Stored data entries:

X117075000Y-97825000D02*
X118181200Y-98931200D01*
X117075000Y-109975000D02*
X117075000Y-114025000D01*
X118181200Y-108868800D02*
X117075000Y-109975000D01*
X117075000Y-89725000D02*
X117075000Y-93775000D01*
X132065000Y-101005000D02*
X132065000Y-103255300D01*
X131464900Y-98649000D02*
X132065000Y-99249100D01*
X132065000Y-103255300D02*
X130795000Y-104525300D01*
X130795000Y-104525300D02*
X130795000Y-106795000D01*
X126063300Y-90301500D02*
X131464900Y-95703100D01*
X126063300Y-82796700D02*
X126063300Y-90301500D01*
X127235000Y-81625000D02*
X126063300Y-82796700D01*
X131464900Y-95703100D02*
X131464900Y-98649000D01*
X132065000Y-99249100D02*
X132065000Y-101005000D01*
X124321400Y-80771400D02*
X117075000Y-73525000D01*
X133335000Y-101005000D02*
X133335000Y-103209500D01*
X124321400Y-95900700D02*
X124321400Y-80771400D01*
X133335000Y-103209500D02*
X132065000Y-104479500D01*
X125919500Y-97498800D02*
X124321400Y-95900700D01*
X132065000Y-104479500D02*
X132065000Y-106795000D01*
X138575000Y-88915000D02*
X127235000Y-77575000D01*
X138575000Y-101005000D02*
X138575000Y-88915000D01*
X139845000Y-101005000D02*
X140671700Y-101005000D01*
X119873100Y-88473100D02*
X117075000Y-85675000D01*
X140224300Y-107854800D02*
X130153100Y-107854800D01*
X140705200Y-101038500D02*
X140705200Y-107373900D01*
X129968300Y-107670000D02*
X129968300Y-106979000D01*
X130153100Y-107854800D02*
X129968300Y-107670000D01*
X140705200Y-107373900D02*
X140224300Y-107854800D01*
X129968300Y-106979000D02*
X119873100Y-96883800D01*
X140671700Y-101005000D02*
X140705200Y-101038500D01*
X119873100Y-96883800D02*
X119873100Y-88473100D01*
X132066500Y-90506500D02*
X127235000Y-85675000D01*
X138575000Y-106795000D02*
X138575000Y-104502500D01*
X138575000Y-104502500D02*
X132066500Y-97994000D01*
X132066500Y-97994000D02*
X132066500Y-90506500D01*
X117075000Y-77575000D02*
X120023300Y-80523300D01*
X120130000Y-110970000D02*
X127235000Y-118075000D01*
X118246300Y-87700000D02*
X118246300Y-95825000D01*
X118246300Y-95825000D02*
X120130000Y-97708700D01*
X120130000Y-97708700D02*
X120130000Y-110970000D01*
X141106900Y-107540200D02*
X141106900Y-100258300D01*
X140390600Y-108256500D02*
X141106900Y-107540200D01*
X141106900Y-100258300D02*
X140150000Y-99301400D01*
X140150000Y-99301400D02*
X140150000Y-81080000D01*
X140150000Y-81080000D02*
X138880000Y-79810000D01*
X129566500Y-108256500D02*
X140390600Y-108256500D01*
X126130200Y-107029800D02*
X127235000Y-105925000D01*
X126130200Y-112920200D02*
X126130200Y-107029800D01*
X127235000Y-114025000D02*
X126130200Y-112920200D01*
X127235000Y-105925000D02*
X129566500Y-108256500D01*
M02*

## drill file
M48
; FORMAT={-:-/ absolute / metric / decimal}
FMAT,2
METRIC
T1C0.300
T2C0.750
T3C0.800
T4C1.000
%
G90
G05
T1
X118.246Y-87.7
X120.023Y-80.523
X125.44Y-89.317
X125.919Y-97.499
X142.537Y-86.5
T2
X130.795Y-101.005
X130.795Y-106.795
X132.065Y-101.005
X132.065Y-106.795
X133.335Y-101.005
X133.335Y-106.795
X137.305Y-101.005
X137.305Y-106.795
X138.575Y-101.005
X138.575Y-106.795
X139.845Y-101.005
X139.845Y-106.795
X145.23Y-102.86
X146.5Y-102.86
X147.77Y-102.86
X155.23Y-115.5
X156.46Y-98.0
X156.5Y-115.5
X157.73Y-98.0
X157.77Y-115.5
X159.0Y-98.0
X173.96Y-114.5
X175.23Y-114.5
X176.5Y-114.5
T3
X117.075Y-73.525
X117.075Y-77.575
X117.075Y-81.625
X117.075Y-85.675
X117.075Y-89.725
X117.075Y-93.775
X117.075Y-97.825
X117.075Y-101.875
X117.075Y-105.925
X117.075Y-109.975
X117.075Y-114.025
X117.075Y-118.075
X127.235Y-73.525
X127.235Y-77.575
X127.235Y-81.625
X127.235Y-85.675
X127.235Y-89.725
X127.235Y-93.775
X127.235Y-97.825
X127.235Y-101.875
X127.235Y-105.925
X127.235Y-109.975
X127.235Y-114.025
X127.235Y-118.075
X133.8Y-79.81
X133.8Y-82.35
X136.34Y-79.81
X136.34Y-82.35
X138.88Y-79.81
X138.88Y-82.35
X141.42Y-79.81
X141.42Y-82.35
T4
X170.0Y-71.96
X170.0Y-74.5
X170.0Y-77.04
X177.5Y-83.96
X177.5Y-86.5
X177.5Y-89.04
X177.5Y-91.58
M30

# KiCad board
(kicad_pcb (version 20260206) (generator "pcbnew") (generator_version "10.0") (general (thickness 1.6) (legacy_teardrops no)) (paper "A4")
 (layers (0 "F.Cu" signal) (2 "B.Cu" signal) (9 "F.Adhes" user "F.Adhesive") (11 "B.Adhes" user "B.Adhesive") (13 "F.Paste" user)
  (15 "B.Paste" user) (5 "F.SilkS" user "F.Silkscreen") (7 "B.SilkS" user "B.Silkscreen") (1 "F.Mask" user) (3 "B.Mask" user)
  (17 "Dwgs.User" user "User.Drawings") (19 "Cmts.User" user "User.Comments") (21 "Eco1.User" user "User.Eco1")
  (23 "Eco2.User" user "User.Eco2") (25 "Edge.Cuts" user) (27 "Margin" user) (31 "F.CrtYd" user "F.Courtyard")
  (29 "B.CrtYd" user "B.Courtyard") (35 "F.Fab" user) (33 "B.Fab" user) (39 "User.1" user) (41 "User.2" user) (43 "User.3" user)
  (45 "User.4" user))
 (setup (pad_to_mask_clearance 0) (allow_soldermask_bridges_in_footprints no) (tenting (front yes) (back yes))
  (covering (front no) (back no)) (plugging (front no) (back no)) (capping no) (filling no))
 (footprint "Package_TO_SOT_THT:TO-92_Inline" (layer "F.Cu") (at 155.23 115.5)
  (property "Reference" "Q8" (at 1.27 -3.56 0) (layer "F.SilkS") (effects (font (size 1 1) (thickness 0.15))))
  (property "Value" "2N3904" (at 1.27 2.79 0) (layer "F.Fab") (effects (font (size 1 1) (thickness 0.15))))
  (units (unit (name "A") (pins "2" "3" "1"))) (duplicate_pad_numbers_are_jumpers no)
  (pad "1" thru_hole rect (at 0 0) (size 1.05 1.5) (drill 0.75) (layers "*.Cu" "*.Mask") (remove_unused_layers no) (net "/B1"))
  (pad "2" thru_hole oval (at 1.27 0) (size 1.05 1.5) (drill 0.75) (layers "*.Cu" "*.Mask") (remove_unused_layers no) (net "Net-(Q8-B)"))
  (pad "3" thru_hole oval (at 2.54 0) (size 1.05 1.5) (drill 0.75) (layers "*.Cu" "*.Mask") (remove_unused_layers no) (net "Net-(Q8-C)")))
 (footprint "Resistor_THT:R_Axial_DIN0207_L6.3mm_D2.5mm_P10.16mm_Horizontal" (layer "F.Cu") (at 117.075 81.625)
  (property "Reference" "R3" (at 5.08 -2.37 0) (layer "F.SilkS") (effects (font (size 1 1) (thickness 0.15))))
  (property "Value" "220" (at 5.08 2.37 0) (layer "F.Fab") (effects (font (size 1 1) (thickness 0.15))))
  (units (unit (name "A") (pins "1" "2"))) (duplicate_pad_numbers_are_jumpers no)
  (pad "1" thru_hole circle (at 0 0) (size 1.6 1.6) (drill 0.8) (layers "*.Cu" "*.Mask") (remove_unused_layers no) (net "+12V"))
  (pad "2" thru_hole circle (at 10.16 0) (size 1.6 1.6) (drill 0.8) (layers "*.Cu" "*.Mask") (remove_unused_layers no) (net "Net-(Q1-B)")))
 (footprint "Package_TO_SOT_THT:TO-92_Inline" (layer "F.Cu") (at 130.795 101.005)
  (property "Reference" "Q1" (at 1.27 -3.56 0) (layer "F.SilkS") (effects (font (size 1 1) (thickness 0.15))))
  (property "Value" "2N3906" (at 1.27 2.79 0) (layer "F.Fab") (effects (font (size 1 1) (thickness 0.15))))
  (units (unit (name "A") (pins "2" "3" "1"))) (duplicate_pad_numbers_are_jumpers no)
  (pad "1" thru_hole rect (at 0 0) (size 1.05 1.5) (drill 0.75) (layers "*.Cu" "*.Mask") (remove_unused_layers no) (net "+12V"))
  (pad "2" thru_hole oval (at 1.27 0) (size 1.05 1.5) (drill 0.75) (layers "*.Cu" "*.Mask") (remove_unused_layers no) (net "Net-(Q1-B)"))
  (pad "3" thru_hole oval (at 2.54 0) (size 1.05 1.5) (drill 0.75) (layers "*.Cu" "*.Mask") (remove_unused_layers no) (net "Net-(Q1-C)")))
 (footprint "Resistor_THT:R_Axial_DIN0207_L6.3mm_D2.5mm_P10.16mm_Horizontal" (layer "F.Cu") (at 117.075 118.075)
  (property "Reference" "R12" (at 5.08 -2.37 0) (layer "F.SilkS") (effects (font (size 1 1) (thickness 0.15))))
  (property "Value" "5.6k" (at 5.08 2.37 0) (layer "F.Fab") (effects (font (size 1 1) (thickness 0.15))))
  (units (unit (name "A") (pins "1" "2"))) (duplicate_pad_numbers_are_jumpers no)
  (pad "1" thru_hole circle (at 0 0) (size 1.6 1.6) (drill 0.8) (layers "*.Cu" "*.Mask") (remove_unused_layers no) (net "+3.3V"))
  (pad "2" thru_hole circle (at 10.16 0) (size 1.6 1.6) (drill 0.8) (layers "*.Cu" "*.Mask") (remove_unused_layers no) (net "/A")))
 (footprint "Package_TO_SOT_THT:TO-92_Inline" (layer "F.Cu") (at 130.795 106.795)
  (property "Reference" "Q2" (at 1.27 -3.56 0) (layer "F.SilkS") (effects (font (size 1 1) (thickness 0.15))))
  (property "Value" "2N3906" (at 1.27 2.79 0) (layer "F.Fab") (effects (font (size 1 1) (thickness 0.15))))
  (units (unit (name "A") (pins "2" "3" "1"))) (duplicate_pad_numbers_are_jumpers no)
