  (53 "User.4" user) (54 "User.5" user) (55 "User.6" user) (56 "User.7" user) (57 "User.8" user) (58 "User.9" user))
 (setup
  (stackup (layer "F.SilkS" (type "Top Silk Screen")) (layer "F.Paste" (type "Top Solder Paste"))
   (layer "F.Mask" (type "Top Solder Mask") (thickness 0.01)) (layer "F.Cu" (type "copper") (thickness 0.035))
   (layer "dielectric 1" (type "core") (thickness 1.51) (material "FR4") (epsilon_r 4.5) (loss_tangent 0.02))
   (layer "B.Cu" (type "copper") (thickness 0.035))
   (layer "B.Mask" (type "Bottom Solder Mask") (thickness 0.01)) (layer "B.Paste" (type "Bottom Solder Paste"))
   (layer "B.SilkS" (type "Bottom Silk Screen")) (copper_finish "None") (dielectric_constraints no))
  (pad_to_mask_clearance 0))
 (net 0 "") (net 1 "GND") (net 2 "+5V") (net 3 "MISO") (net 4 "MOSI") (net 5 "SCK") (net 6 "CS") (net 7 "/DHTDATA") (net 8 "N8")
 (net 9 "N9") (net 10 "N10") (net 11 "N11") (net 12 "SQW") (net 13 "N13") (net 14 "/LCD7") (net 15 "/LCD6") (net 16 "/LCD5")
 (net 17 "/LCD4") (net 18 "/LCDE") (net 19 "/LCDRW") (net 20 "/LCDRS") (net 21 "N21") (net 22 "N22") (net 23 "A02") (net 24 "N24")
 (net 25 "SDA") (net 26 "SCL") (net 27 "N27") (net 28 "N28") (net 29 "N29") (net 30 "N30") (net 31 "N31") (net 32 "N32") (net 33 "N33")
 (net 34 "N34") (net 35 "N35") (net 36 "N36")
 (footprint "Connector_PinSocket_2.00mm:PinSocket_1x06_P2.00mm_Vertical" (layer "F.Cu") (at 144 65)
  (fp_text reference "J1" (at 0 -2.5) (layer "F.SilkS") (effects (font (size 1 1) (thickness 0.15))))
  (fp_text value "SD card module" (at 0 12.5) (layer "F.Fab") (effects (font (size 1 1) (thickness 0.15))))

Problem details >>
Across all the records above, find each line with "type" in it and copy it.

Output for this task >>
  (stackup (layer "F.SilkS" (type "Top Silk Screen")) (layer "F.Paste" (type "Top Solder Paste"))
   (layer "F.Mask" (type "Top Solder Mask") (thickness 0.01)) (layer "F.Cu" (type "copper") (thickness 0.035))
   (layer "dielectric 1" (type "core") (thickness 1.51) (material "FR4") (epsilon_r 4.5) (loss_tangent 0.02))
   (layer "B.Cu" (type "copper") (thickness 0.035))
   (layer "B.Mask" (type "Bottom Solder Mask") (thickness 0.01)) (layer "B.Paste" (type "Bottom Solder Paste"))
   (layer "B.SilkS" (type "Bottom Silk Screen")) (copper_finish "None") (dielectric_constraints no))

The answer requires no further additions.